### WORK ORDER
Although the data below holds other lines too, output only those from the line with "# KiCad board" up to and including the line with "(general (thickness 1.6)", exactly as they appear.

SUPPLIED INFORMATION below:

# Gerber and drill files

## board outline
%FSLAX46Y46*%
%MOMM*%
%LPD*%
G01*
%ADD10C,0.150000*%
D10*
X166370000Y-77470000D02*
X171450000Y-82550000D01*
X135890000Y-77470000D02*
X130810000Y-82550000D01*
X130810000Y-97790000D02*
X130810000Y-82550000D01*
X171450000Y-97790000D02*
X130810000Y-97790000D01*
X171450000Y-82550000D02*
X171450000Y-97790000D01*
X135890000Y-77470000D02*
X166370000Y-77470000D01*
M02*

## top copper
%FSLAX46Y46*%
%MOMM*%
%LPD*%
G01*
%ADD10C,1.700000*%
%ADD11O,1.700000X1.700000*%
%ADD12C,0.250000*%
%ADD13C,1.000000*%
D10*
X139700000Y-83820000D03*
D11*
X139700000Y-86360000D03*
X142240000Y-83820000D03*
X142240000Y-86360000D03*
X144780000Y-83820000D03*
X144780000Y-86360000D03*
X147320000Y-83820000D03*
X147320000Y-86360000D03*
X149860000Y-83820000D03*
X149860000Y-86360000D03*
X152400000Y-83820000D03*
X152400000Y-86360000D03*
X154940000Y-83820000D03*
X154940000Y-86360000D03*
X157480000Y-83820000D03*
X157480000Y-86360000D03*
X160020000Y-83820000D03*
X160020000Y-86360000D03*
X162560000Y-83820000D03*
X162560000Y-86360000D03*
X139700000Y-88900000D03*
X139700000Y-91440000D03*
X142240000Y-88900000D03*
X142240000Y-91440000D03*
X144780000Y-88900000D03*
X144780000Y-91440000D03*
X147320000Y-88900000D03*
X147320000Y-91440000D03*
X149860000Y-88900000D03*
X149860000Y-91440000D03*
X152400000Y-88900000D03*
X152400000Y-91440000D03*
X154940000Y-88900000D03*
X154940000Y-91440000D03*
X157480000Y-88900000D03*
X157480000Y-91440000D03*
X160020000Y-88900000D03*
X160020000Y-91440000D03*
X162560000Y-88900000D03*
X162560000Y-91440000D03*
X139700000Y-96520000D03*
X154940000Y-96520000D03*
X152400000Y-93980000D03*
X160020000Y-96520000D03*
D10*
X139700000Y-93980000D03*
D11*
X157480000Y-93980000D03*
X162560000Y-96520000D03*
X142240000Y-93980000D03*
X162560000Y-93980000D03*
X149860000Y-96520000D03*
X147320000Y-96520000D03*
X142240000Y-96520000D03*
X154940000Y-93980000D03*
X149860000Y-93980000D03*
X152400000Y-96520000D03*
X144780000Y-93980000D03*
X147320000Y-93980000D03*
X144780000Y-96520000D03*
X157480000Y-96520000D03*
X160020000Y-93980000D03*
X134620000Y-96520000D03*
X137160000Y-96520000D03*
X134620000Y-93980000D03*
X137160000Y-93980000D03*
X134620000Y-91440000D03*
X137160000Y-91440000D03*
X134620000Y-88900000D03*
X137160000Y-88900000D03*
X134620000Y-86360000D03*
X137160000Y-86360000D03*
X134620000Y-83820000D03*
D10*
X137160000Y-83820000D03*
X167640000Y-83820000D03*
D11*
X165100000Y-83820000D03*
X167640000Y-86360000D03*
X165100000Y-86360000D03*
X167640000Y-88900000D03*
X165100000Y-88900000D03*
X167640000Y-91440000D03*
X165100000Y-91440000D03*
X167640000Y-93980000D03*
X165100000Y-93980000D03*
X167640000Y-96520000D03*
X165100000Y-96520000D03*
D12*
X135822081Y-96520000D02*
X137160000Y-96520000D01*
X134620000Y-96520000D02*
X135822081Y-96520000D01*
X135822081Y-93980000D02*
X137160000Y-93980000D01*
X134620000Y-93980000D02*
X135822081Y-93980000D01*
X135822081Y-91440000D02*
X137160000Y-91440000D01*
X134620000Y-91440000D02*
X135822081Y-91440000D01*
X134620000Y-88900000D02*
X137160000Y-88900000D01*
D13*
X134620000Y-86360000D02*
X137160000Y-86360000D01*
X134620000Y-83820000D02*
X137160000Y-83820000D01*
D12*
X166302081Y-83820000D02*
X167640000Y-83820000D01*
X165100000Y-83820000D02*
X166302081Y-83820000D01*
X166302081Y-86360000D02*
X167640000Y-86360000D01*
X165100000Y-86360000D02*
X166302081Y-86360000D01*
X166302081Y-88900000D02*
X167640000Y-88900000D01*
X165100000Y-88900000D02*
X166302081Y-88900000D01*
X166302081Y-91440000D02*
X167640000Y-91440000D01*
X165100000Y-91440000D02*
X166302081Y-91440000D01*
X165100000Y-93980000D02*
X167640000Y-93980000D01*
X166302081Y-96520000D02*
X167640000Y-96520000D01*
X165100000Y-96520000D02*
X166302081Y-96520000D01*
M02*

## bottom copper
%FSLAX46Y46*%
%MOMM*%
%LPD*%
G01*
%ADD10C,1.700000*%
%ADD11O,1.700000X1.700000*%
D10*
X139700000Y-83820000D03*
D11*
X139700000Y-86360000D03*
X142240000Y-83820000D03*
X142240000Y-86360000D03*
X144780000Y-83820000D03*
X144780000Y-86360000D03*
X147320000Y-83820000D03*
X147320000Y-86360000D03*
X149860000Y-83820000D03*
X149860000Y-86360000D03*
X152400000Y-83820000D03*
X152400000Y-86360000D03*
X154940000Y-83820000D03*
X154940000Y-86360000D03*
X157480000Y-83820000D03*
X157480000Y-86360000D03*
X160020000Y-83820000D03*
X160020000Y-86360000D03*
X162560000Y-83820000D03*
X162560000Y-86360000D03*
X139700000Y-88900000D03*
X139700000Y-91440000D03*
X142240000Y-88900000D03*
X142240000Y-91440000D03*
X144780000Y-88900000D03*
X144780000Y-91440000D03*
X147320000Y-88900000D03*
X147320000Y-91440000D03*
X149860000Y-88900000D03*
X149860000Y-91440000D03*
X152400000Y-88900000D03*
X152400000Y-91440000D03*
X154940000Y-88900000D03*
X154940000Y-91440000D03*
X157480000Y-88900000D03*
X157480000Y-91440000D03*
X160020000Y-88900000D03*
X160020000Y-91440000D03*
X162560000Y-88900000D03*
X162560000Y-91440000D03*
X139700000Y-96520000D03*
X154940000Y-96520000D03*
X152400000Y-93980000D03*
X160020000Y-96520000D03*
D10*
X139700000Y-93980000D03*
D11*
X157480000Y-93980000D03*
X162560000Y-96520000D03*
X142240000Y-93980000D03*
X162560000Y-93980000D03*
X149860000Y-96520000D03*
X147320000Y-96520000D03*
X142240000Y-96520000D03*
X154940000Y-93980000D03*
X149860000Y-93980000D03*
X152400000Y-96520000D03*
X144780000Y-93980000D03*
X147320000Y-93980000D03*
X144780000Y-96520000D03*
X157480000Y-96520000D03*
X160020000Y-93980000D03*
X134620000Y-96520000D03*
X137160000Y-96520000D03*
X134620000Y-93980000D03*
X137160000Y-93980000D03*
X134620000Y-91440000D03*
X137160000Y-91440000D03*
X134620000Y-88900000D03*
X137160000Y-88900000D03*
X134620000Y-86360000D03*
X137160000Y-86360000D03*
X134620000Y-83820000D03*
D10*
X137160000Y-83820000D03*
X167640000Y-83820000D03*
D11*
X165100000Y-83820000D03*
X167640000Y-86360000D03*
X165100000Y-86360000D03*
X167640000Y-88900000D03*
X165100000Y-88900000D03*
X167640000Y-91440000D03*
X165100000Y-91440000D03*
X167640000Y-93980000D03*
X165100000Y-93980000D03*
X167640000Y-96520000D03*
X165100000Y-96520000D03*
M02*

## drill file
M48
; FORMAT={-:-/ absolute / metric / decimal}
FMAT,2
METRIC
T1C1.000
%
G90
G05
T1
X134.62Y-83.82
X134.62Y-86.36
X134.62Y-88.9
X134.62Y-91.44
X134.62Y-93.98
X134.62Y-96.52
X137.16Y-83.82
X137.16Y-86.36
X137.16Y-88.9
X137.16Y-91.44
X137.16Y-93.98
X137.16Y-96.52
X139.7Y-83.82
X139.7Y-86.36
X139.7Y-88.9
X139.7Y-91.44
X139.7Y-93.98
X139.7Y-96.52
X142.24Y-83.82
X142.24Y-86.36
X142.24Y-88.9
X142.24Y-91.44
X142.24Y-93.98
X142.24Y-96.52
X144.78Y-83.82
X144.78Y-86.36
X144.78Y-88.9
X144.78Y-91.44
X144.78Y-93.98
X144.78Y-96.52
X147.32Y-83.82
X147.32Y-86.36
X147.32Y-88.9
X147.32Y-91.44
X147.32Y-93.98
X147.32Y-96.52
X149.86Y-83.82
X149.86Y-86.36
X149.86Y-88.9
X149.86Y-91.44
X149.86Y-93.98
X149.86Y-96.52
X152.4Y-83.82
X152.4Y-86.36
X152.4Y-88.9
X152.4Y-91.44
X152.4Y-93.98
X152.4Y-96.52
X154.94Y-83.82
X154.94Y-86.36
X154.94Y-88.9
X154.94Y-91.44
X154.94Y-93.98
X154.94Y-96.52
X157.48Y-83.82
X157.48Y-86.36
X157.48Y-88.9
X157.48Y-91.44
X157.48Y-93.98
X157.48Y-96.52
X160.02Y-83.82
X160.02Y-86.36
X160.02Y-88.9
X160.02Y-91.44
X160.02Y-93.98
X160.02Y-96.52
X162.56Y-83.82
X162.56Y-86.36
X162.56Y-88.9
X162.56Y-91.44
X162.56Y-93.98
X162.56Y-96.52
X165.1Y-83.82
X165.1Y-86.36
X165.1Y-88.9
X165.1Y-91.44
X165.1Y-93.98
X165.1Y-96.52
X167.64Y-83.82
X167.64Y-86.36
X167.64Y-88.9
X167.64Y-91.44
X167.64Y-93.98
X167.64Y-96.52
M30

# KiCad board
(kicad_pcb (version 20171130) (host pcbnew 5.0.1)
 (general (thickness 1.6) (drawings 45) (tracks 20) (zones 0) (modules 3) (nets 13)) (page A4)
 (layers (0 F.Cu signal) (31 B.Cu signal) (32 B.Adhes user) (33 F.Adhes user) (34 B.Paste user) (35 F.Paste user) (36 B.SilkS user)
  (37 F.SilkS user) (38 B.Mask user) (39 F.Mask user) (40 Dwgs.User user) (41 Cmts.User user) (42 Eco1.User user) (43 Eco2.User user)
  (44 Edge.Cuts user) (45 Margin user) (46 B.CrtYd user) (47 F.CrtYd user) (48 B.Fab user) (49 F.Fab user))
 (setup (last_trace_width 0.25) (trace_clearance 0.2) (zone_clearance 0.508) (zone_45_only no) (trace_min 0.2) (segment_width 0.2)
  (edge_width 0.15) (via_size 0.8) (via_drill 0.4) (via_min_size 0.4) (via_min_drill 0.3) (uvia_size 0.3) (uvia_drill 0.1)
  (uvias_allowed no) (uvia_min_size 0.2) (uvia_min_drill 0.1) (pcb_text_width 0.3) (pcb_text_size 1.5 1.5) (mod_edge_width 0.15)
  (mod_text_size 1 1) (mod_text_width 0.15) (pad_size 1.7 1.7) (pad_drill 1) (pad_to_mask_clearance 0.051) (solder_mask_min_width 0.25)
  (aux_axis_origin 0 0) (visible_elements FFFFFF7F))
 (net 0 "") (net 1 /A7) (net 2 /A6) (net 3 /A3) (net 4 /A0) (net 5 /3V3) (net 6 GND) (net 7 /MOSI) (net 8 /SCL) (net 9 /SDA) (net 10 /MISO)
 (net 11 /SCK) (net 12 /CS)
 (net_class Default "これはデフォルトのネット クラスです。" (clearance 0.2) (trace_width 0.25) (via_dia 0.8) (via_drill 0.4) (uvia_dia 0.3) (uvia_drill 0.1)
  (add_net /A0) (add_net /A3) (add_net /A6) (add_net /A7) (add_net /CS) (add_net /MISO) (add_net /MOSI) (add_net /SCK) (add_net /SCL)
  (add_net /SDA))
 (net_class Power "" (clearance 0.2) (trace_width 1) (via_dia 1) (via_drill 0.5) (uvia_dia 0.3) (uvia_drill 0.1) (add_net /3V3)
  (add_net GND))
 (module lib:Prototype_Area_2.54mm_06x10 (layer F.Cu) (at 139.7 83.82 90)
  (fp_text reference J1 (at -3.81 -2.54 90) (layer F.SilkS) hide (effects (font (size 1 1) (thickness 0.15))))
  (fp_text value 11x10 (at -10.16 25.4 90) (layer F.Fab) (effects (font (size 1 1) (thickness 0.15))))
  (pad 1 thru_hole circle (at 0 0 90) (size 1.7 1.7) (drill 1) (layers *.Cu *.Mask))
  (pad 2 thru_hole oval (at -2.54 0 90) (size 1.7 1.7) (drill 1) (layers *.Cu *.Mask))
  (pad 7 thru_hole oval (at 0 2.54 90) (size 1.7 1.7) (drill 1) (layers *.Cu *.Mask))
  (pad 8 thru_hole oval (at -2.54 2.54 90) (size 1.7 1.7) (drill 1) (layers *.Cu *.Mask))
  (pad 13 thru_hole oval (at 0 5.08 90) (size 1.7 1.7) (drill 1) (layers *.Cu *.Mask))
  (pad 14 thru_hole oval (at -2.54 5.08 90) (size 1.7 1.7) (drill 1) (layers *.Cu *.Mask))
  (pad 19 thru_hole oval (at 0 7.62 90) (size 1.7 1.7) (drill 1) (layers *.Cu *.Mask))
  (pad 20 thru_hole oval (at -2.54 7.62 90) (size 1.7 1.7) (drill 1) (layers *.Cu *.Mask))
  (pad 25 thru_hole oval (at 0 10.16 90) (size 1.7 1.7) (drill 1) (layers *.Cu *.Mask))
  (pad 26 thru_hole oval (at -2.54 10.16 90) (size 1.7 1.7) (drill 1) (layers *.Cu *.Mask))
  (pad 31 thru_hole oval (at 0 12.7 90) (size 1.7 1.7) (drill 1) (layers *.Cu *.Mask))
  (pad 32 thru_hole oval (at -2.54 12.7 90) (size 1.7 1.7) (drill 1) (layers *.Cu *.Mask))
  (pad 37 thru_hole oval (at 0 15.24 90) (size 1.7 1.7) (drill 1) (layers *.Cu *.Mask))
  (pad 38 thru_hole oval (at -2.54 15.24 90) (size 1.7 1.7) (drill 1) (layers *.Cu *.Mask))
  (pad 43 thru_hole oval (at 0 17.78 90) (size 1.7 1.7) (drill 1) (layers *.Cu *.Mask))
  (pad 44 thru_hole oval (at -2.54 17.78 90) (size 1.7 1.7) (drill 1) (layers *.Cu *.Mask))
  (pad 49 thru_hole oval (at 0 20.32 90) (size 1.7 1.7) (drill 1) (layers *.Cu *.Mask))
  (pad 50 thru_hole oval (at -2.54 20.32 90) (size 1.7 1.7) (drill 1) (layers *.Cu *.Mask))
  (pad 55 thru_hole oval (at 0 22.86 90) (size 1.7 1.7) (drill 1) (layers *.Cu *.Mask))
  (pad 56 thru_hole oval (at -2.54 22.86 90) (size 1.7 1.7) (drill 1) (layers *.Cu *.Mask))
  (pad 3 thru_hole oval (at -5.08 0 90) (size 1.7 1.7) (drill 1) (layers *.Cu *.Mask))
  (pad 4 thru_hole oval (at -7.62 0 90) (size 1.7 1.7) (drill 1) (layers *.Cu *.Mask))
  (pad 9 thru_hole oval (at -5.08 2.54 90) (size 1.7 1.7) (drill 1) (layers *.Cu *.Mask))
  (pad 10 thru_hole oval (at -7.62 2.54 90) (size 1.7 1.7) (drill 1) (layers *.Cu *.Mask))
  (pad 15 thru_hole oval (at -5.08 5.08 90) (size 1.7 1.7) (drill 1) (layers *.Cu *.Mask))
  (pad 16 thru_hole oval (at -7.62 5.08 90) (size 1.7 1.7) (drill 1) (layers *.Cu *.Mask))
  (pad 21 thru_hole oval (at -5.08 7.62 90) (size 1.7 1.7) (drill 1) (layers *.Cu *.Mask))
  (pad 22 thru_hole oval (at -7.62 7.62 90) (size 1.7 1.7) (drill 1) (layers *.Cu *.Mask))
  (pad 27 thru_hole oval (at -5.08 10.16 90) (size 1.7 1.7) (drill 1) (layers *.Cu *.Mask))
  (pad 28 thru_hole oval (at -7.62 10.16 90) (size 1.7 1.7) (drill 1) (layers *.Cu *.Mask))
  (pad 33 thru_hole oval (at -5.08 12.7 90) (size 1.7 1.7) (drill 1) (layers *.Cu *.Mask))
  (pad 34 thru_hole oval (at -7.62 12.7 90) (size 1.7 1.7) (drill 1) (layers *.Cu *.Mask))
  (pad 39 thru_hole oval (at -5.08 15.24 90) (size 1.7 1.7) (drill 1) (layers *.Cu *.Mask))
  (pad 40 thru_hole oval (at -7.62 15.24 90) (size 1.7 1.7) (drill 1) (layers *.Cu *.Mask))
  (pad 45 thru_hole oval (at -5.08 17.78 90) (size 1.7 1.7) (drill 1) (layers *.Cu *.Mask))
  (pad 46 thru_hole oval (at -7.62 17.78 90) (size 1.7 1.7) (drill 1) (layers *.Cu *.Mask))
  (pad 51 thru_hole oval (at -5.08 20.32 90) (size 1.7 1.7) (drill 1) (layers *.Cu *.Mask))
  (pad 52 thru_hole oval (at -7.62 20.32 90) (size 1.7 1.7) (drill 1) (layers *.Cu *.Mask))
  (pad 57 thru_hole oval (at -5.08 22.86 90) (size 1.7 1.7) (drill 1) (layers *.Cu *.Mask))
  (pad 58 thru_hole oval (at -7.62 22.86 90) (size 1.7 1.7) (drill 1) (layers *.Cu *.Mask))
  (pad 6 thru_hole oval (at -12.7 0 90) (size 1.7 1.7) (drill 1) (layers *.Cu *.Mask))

End of SUPPLIED INFORMATION.

### WORKED SOLUTION
# KiCad board
(kicad_pcb (version 20171130) (host pcbnew 5.0.1)
 (general (thickness 1.6) (drawings 45) (tracks 20) (zones 0) (modules 3) (nets 13)) (page A4)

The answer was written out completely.